The organisers of the Beijing games provided the foreign media with spectacular installations and comforts and the authorities changed the rules for foreign journalists radically, allowing them an unprecedented freedom of movement and freedom to interview.

The new rules are still in force but they are applied in a very uneven manner. They are not applied at all in Tibet and the Tibetan regions, where dozens of foreign journalists were prevented from working during the rioting in March 2008 and again, on the anniversary of the riots, in March 2009. The government allowed the foreign press to go to Xinjiang immediately after last month’s rioting there, but journalists were arrested if they showed too much interest in the fate of Uyghurs held by the police.

The foreign media’s freedom to work was also curbed in the run-up to the 20th anniversary of the Tiananmen Square massacre in June, when the political police arrested of threatened many dissidents or other persons who are used as sources by foreign reporters.

The central government is also trying to exercise closer control over Chinese citizens who work for foreign news media, forcing them to register with official or semi-official bodies. And many foreign news media, radio stations and websites, are still being censored without any official explanation.

New communication strategy – lessons from the Olympics?

The Chinese authorities accused the foreign media of being anti-Chinese during the March 2008 events in Tibet and the Olympic torch relay. A nationalist campaign was launched to intimidate the foreign media and some countries were accusing of demonizing Beijing’s human rights performance in Tibet.

To combat “western influence,” the Chinese authorities allocated additional resources to the provision of more favourable news and information internationally. Tens of millions of euros were invested in creating an international version of the government television station CCTV, and the other leading state-owned media were urged to promote their services more abroad.

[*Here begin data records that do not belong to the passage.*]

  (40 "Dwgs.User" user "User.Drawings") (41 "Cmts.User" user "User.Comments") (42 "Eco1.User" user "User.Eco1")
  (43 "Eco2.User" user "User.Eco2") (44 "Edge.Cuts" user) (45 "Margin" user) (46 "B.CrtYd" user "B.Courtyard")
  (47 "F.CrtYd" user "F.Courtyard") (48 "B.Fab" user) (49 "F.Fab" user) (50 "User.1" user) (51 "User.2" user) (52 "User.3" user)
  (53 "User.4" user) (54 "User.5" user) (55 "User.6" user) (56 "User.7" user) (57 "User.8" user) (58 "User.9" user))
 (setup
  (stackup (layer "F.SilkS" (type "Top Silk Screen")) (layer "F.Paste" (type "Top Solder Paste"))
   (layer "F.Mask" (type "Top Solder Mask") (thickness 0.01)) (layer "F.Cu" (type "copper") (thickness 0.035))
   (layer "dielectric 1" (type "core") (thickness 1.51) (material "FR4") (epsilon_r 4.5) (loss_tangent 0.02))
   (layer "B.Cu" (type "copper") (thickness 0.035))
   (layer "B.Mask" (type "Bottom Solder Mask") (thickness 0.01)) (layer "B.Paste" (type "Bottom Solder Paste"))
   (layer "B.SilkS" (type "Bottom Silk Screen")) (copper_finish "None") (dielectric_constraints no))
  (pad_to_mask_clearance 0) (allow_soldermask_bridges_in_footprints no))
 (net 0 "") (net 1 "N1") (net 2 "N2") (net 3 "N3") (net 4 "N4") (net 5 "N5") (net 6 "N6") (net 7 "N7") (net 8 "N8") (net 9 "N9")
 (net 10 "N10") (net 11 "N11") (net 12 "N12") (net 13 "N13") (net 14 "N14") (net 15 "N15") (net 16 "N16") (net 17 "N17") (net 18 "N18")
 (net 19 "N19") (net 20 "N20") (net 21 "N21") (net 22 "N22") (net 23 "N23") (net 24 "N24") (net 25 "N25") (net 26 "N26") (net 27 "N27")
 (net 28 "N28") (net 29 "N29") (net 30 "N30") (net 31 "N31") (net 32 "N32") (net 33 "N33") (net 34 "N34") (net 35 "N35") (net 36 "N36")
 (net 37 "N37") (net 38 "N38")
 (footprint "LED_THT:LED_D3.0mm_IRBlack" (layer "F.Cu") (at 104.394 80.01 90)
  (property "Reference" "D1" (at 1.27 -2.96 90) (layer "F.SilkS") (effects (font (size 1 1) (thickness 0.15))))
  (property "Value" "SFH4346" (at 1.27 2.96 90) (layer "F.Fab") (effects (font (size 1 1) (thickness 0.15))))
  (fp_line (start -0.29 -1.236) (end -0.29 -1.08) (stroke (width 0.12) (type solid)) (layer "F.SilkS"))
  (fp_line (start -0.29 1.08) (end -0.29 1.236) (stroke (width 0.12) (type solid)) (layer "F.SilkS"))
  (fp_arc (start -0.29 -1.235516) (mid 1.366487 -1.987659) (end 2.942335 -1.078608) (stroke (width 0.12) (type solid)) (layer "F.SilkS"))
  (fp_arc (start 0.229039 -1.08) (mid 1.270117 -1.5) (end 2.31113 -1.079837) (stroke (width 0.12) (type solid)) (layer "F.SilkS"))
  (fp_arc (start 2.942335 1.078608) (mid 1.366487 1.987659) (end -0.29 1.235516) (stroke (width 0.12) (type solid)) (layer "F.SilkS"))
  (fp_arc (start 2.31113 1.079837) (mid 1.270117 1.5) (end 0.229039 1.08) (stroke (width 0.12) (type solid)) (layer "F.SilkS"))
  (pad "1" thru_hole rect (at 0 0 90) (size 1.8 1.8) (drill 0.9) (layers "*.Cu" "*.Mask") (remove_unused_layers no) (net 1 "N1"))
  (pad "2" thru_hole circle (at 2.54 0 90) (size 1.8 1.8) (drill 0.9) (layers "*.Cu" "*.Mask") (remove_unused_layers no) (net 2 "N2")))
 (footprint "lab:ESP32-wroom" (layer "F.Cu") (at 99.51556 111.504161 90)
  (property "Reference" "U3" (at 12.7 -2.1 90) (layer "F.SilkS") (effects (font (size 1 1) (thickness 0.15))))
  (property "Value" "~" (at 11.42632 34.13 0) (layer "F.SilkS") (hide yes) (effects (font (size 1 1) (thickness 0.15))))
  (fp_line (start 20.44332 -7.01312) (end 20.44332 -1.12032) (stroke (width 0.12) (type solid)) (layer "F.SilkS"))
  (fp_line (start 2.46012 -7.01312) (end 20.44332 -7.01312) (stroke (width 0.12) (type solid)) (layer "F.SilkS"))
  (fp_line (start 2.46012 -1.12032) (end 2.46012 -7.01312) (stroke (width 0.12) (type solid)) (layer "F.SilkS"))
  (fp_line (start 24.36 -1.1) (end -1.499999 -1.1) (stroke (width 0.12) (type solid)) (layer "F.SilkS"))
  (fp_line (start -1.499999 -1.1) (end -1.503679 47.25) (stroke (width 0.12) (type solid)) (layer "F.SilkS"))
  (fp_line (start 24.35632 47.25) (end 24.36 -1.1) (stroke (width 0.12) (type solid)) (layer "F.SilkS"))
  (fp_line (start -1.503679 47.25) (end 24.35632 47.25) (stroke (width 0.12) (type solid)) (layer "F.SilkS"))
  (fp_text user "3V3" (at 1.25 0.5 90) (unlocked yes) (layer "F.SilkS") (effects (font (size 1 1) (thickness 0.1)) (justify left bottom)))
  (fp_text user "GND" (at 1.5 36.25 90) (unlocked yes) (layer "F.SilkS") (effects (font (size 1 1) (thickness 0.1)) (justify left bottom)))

The Chinese media were forced to use only the official version of events during the rioting in Tibet and Xinjiang, while the state apparatus orchestrated the incitement of hatred against minorities in order to better cover up the existence of Tibetan and Uyghur victims. The debate on the failure of current policies in these restive provinces was quickly restricted to the few liberal publications.

End of Olympic good times online

The arrival of thousands of foreign journalists for the games resulted in censorship being eased for Chinese Internet users. But almost all the websites that were unblocked at the time of the games have since been blocked again.

A major Internet filtering campaign was launched by the information ministry on 5 January 2009 with the declared aim of combating pornography. State enterprises heeded calls for renewed vigilance about website content. Among the sites that were blocked was the political blog portal Bullog, which had “published many negative reports of a political nature,” the information ministry said. The New York Times website has also been blocked several times.

To boost the campaign’s effectiveness, the government ordered Chinese and foreign computer manufacturers to install a filtering software on all computers sold in China. Called “Green Dam Youth Escort,” it is supposed to protect young people from “negative” Internet content. Its filtering options include the possibility of blocking political and religious content, including content linked to the Falun Gong movement. After an outcry, the authorities postponed obligatory installation of the software.

But not all online censorship is done in the name of combating pornography. The authorities censored all Uyghur-language websites during last month’s rioting in Xinjiang and they are still inaccessible (see the list). Access to the video-sharing website YouTube has also been blocked since March, without any official reason being given.

Bloggers and other Internet users continue to comment and criticise the ins and outs of Chinese society and politics. With increasing frequency, this forces the official media to cover embarrassing stories they would rather have ignored. But repressive measures are nonetheless still being taken against bloggers, especially by authorities at the local level. At least 10 have been arrested in connection with their blogging in the past 12 months.